The new veterinarian at Georgian Triangle Humane Society has been knuckle-deep in dog abdomens completing hundreds of spay/neuter surgeries and seeing to the health of dogs and cats looking for homes. 

Dr. Stephanie Dam spent her day on Aug. 16 performing some of those surgeries on a litter of puppies headed to Barrie PetSmart Pup-up adoption event on Saturday. As she snipped, sliced, and stitched, she talked about her career spanning from Australia to James Bay and the big and small animals she's helped along the way. 

Once she discovered that post-secondary education was possible, even with the learning disabilities she dealt with in childhood, Dam realized biology was one of her strongest subjects. Without knowing what she wanted to do, but knowing she loved animals, she headed to the Australian outback where she made her decision.

“I worked there for about nine months … on a cattle station in the outback treating injured animals with a vet,” said Dam while adeptly cutting a small incision into a puppy’s abdomen. 

“Because the vet only came so often, I’d have to do all the treatments in between … and I loved it.” 

She completed her undergrad and vet school at University of Guelph and graduated as a large animal veterinarian. 

“I thought I’d be a large animal vet my whole career,” said Dam.

However, she developed a life-threatening allergy to a topical antibiotic commonly used on large animals, which cut her large animal veterinary career short. 

She worked with small animals in general practice and then in emergency and shelter medicine, and she had a mobile clinic she used for in-home end-of-life care. She also worked with First Nations communities near Caledonia and took trips to James Bay to offer veterinary services to the animals in remote areas. 

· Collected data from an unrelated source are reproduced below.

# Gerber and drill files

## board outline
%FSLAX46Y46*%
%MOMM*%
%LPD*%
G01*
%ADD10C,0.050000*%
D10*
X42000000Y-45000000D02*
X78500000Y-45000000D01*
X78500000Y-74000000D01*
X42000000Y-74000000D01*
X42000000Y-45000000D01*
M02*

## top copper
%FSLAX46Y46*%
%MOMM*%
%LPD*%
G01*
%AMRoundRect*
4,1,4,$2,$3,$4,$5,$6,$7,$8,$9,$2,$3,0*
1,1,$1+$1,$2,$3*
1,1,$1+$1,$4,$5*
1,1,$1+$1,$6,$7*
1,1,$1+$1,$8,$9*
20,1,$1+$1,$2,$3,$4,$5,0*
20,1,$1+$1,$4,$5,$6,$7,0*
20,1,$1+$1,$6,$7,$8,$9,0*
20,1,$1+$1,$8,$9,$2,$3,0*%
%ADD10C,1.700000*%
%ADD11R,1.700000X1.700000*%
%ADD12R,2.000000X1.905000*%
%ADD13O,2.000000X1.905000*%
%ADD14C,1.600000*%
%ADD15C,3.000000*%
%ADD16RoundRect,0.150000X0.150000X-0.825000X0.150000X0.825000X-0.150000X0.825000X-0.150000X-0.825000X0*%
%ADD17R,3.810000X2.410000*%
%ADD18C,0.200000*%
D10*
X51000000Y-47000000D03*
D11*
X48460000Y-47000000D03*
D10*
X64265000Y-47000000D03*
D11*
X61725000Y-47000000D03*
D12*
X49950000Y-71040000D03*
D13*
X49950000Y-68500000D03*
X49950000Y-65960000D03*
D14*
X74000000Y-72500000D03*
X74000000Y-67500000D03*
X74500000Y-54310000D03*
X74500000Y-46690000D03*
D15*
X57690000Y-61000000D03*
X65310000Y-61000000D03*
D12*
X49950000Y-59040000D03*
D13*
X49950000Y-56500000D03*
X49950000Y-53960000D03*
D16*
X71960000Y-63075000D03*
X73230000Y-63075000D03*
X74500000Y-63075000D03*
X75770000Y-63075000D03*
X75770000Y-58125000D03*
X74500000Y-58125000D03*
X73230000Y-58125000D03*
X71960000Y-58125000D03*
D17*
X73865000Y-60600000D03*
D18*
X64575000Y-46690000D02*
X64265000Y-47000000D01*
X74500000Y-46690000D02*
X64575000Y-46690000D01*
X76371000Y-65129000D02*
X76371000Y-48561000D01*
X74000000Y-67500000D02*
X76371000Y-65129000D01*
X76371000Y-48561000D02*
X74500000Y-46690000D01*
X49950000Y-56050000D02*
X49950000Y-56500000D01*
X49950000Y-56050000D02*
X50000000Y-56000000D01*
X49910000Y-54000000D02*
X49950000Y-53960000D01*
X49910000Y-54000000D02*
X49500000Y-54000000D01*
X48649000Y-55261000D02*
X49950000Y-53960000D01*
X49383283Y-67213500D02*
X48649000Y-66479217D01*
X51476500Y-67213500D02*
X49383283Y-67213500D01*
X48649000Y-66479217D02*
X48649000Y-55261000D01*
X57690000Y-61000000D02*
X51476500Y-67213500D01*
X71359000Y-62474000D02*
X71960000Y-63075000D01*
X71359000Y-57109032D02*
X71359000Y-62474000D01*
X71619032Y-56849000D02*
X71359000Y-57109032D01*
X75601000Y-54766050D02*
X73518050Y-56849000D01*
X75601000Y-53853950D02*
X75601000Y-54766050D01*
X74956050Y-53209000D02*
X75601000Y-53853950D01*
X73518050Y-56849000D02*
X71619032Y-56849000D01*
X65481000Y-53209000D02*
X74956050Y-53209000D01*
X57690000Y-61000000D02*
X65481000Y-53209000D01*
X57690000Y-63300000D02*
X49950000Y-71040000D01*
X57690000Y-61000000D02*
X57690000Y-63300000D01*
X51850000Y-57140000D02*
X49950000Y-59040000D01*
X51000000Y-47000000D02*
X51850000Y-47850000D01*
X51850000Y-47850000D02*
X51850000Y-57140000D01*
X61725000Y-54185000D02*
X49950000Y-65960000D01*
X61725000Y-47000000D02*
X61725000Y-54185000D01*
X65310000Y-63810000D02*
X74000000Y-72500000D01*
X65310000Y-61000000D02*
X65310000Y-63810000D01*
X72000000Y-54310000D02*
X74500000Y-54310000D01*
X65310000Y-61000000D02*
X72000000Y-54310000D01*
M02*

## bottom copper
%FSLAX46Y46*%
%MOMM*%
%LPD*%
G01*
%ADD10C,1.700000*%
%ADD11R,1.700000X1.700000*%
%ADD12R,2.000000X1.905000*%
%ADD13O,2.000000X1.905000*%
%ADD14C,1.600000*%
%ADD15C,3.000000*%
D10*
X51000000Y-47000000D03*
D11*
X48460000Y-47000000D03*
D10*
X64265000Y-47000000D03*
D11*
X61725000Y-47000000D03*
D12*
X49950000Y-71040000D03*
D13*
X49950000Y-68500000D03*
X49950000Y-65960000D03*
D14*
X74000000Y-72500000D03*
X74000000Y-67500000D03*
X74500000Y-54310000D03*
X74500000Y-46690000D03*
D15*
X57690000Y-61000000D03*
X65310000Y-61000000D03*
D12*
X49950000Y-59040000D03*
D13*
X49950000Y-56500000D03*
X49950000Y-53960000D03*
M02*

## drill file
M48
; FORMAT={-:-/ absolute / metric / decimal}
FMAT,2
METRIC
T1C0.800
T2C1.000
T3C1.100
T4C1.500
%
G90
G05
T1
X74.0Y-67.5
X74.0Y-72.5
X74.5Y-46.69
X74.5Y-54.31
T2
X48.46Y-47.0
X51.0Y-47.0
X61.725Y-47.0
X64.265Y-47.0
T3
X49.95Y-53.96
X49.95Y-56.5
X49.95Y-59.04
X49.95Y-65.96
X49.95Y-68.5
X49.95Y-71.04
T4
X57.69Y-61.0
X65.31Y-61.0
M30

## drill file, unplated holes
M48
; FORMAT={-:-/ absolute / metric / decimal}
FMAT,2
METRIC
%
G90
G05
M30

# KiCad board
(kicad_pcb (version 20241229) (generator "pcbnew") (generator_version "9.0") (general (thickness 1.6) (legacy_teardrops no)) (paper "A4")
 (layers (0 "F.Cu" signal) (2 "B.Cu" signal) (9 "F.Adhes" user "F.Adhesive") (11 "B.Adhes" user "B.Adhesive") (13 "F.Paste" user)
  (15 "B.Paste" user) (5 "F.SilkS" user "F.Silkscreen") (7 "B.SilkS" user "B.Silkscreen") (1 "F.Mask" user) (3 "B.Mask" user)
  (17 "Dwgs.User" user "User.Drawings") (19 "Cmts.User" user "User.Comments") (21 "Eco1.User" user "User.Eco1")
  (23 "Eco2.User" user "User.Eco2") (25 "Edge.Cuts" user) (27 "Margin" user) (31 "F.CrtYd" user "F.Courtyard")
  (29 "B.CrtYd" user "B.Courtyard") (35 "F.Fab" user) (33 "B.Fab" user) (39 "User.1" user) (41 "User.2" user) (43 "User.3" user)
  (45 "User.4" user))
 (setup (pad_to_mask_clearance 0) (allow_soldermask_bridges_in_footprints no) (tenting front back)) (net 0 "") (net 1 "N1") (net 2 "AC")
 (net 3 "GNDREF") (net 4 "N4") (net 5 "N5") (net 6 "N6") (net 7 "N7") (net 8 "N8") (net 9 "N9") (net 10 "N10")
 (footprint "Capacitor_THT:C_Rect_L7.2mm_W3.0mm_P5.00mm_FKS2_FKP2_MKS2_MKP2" (layer "F.Cu") (at 74 72.5 90)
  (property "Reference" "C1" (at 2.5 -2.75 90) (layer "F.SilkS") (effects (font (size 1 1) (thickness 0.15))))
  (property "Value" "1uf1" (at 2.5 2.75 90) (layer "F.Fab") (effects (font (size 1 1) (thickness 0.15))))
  (pad "1" thru_hole circle (at 0 0 90) (size 1.6 1.6) (drill 0.8) (layers "*.Cu" "*.Mask") (remove_unused_layers no) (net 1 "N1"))
  (pad "2" thru_hole circle (at 5 0 90) (size 1.6 1.6) (drill 0.8) (layers "*.Cu" "*.Mask") (remove_unused_layers no) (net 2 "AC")))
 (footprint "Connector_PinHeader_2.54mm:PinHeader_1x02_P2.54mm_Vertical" (layer "F.Cu") (at 48.46 47 90)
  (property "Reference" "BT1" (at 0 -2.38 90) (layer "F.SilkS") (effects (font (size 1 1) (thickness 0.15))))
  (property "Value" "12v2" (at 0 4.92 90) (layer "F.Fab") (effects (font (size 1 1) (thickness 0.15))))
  (pad "1" thru_hole rect (at 0 0 90) (size 1.7 1.7) (drill 1) (layers "*.Cu" "*.Mask") (remove_unused_layers no) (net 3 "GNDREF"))
  (pad "2" thru_hole circle (at 0 2.54 90) (size 1.7 1.7) (drill 1) (layers "*.Cu" "*.Mask") (remove_unused_layers no) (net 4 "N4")))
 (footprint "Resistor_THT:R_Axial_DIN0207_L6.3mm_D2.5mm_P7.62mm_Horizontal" (layer "F.Cu") (at 74.5 54.31 90)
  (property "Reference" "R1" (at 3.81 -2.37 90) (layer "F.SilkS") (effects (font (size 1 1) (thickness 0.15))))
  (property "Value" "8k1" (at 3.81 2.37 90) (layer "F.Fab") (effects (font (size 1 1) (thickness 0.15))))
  (pad "1" thru_hole circle (at 0 0 90) (size 1.6 1.6) (drill 0.8) (layers "*.Cu" "*.Mask") (remove_unused_layers no) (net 1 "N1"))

The veterinarian job at the GTHS animal centre rolled all those jobs into one, and prompted the Hamilton resident to accept in February of this year. 

“All vets care for animals, but I think shelter medicine is a unique area … it’s not for everybody … it’s definitely something that some people have a passion for, and I have a passion for,” said Dam, twisting stitches around the puppy's uterus so it could be removed.

“I really love the concept of helping animals that come to the shelter, helping people who have needs for accessible vet care, and I really love community medicine.” 

She aims for a holistic approach that combines education, support, and veterinary medicine. 

“I think that’s kind of underneath the umbrella of shelter,” she said. 

The umbrella has been crowded lately for not only the Georgian Triangle Humane Society, but for most animal shelters in Ontario. 

“COVID changed everything,” said Dam, now ready to close the incision for the latter half of the spay surgery.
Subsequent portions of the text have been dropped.